Exercise directions:
Below is a listing. Quote from it, exactly, the lines from the one containing "X133774000Y-87649000D02*" down to the one containing "X136181999Y-88443001D01*", both ends included, and nothing else.

(Beginning of Task material)

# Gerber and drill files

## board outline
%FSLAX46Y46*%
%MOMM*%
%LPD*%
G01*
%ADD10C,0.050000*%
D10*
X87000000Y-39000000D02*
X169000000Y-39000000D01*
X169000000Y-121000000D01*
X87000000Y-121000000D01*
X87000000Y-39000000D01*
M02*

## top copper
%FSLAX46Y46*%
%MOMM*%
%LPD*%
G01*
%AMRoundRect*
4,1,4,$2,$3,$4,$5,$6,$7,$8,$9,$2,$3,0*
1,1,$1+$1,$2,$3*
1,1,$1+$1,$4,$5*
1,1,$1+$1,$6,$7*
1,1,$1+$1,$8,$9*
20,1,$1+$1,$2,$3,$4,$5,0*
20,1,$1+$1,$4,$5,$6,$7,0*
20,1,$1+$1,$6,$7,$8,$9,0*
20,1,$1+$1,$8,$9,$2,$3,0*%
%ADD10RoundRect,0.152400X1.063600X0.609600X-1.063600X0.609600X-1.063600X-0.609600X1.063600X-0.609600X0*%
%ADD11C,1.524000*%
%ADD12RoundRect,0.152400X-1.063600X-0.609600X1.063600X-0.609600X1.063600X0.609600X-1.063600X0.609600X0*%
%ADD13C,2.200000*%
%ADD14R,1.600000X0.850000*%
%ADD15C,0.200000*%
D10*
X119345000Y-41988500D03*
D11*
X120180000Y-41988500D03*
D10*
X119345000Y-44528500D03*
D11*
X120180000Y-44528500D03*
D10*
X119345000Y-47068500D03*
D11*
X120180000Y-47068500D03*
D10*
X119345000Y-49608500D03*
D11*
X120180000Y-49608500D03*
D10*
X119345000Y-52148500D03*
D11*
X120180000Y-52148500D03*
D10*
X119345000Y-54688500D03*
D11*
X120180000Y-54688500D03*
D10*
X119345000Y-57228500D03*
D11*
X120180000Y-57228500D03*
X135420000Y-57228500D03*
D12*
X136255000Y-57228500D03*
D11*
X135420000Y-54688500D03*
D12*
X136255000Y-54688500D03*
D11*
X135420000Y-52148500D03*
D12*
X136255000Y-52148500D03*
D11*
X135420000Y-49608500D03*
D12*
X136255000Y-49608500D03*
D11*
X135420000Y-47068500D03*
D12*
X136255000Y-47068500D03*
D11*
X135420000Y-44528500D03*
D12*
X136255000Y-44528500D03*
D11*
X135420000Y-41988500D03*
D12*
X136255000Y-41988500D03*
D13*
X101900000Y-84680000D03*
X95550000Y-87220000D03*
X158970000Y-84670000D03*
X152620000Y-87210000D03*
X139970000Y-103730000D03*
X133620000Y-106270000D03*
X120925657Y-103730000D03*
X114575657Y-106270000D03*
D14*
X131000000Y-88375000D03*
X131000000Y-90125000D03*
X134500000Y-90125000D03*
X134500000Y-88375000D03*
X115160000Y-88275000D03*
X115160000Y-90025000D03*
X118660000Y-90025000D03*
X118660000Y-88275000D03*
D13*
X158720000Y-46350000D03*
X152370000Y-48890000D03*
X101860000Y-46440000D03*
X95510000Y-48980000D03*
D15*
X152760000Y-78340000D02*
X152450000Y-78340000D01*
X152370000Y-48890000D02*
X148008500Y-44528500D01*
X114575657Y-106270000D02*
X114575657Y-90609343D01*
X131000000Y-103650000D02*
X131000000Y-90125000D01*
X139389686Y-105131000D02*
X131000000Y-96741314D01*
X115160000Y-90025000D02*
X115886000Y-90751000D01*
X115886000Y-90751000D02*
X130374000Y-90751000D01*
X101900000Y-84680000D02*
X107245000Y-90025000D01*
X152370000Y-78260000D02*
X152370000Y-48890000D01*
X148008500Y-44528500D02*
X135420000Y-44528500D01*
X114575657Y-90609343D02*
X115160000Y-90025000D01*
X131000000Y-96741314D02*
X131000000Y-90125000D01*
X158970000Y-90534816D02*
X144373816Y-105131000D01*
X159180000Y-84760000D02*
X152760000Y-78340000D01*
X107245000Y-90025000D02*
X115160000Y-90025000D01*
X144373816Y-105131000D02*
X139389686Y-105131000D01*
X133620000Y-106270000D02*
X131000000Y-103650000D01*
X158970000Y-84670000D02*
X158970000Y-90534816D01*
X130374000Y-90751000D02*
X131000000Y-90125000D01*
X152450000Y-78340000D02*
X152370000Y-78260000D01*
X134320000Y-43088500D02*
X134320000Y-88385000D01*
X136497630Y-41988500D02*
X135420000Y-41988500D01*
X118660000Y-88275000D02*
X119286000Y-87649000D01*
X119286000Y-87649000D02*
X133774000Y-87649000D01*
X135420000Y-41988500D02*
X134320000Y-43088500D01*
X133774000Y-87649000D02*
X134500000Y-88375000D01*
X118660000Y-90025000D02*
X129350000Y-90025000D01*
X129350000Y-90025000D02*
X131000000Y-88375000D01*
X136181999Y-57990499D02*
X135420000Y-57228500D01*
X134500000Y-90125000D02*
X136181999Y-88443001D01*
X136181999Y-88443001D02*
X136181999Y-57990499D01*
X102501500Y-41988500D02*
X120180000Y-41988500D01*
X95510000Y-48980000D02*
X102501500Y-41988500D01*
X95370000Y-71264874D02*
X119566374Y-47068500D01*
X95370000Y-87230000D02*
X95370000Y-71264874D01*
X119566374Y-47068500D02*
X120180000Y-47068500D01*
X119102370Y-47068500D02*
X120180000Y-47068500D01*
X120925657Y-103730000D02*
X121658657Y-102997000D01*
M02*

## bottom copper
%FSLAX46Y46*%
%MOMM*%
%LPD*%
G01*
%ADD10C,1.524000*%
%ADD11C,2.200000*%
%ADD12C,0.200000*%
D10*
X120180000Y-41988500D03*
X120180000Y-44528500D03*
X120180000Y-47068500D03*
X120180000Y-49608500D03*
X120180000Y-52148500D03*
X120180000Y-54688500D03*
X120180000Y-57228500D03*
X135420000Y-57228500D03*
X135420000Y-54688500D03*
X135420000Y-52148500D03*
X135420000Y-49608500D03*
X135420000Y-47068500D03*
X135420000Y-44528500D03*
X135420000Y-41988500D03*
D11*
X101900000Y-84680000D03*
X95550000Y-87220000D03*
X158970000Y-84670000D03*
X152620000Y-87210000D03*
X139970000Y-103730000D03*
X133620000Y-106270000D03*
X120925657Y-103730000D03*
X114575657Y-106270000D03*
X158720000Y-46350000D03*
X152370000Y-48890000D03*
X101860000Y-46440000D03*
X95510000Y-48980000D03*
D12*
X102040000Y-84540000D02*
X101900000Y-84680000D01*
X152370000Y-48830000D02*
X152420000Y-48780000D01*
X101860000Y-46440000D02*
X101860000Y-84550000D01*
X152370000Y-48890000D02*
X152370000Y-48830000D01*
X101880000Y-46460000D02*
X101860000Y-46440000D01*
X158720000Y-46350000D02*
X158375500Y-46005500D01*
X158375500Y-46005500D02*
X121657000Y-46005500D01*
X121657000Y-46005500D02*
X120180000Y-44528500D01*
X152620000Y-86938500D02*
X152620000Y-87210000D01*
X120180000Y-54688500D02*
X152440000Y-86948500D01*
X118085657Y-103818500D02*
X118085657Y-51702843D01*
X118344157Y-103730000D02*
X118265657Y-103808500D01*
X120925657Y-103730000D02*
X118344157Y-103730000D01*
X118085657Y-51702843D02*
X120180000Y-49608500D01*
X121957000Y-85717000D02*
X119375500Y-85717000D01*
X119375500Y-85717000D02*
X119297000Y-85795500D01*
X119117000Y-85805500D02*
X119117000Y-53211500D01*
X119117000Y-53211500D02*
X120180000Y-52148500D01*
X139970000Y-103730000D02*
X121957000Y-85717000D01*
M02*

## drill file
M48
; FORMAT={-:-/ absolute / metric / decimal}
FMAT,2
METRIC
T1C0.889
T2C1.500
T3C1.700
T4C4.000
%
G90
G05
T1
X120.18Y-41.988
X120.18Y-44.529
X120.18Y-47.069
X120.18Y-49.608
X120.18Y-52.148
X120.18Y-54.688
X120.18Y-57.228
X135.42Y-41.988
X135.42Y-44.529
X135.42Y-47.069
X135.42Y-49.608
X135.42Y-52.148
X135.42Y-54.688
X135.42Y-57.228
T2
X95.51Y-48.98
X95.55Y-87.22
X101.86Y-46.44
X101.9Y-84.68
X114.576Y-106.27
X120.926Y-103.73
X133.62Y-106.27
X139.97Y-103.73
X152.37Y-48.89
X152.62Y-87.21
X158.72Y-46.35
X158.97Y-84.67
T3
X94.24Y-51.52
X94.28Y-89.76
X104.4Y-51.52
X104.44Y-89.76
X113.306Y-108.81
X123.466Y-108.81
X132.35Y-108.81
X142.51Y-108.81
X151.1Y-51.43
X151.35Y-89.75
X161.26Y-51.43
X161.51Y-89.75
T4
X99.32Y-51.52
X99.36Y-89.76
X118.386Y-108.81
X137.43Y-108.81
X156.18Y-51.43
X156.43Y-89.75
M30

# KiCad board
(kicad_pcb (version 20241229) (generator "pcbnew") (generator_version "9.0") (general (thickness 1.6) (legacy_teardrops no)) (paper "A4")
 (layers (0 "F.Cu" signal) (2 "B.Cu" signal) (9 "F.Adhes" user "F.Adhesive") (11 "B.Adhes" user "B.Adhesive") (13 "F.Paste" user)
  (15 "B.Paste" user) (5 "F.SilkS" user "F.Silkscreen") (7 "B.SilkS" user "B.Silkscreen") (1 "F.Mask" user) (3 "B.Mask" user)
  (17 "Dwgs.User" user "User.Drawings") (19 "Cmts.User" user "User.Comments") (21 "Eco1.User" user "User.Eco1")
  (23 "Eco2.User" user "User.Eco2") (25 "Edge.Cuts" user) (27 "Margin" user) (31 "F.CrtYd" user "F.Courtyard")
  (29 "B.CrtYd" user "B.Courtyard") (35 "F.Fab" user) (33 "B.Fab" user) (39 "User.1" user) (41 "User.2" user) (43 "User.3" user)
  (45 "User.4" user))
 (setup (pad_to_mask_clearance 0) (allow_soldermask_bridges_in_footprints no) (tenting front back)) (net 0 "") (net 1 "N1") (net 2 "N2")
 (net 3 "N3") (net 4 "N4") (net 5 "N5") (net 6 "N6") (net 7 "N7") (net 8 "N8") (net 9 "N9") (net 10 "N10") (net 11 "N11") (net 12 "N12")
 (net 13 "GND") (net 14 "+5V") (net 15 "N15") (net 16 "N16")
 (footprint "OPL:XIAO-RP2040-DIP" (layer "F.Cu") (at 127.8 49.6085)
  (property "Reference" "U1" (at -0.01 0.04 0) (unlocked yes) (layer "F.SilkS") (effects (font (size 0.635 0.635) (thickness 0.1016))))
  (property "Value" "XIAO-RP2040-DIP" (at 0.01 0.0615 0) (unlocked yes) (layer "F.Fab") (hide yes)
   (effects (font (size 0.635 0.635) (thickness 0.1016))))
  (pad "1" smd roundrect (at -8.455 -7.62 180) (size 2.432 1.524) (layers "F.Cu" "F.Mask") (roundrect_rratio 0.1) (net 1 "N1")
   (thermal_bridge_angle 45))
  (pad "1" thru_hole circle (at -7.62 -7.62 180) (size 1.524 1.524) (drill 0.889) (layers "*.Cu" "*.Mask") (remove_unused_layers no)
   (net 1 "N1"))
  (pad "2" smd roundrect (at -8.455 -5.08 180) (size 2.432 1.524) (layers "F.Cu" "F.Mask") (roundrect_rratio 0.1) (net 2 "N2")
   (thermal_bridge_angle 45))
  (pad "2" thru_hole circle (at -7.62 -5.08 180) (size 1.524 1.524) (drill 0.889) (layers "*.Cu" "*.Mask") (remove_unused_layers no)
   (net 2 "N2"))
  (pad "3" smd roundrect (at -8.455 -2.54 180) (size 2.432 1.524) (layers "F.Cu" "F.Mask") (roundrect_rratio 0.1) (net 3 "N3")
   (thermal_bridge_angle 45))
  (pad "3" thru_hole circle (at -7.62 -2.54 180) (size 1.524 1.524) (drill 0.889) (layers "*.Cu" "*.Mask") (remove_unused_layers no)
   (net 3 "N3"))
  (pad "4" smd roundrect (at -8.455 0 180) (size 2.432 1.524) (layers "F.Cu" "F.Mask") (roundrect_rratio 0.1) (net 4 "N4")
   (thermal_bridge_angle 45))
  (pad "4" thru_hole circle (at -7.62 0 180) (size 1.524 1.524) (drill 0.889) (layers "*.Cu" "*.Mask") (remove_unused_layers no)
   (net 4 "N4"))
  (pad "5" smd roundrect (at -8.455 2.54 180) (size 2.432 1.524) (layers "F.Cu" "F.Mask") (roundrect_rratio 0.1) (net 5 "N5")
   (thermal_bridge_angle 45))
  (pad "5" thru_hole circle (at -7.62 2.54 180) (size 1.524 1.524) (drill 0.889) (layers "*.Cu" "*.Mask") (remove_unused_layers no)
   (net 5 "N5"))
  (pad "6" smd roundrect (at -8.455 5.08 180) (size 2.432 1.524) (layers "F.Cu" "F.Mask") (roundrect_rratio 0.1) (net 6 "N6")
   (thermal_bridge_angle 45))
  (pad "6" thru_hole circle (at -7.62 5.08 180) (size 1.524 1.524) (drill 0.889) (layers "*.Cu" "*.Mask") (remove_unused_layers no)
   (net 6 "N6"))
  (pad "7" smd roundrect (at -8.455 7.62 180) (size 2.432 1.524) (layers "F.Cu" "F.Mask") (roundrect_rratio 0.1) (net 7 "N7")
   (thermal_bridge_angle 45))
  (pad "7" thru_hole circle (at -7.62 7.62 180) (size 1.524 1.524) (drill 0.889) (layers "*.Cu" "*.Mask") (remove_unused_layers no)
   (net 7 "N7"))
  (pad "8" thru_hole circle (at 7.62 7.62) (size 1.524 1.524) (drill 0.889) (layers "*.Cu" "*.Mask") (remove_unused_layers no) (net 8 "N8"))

(End of Task material)

Written response:
X133774000Y-87649000D02*
X134500000Y-88375000D01*
X118660000Y-90025000D02*
X129350000Y-90025000D01*
X129350000Y-90025000D02*
X131000000Y-88375000D01*
X136181999Y-57990499D02*
X135420000Y-57228500D01*
X134500000Y-90125000D02*
X136181999Y-88443001D01*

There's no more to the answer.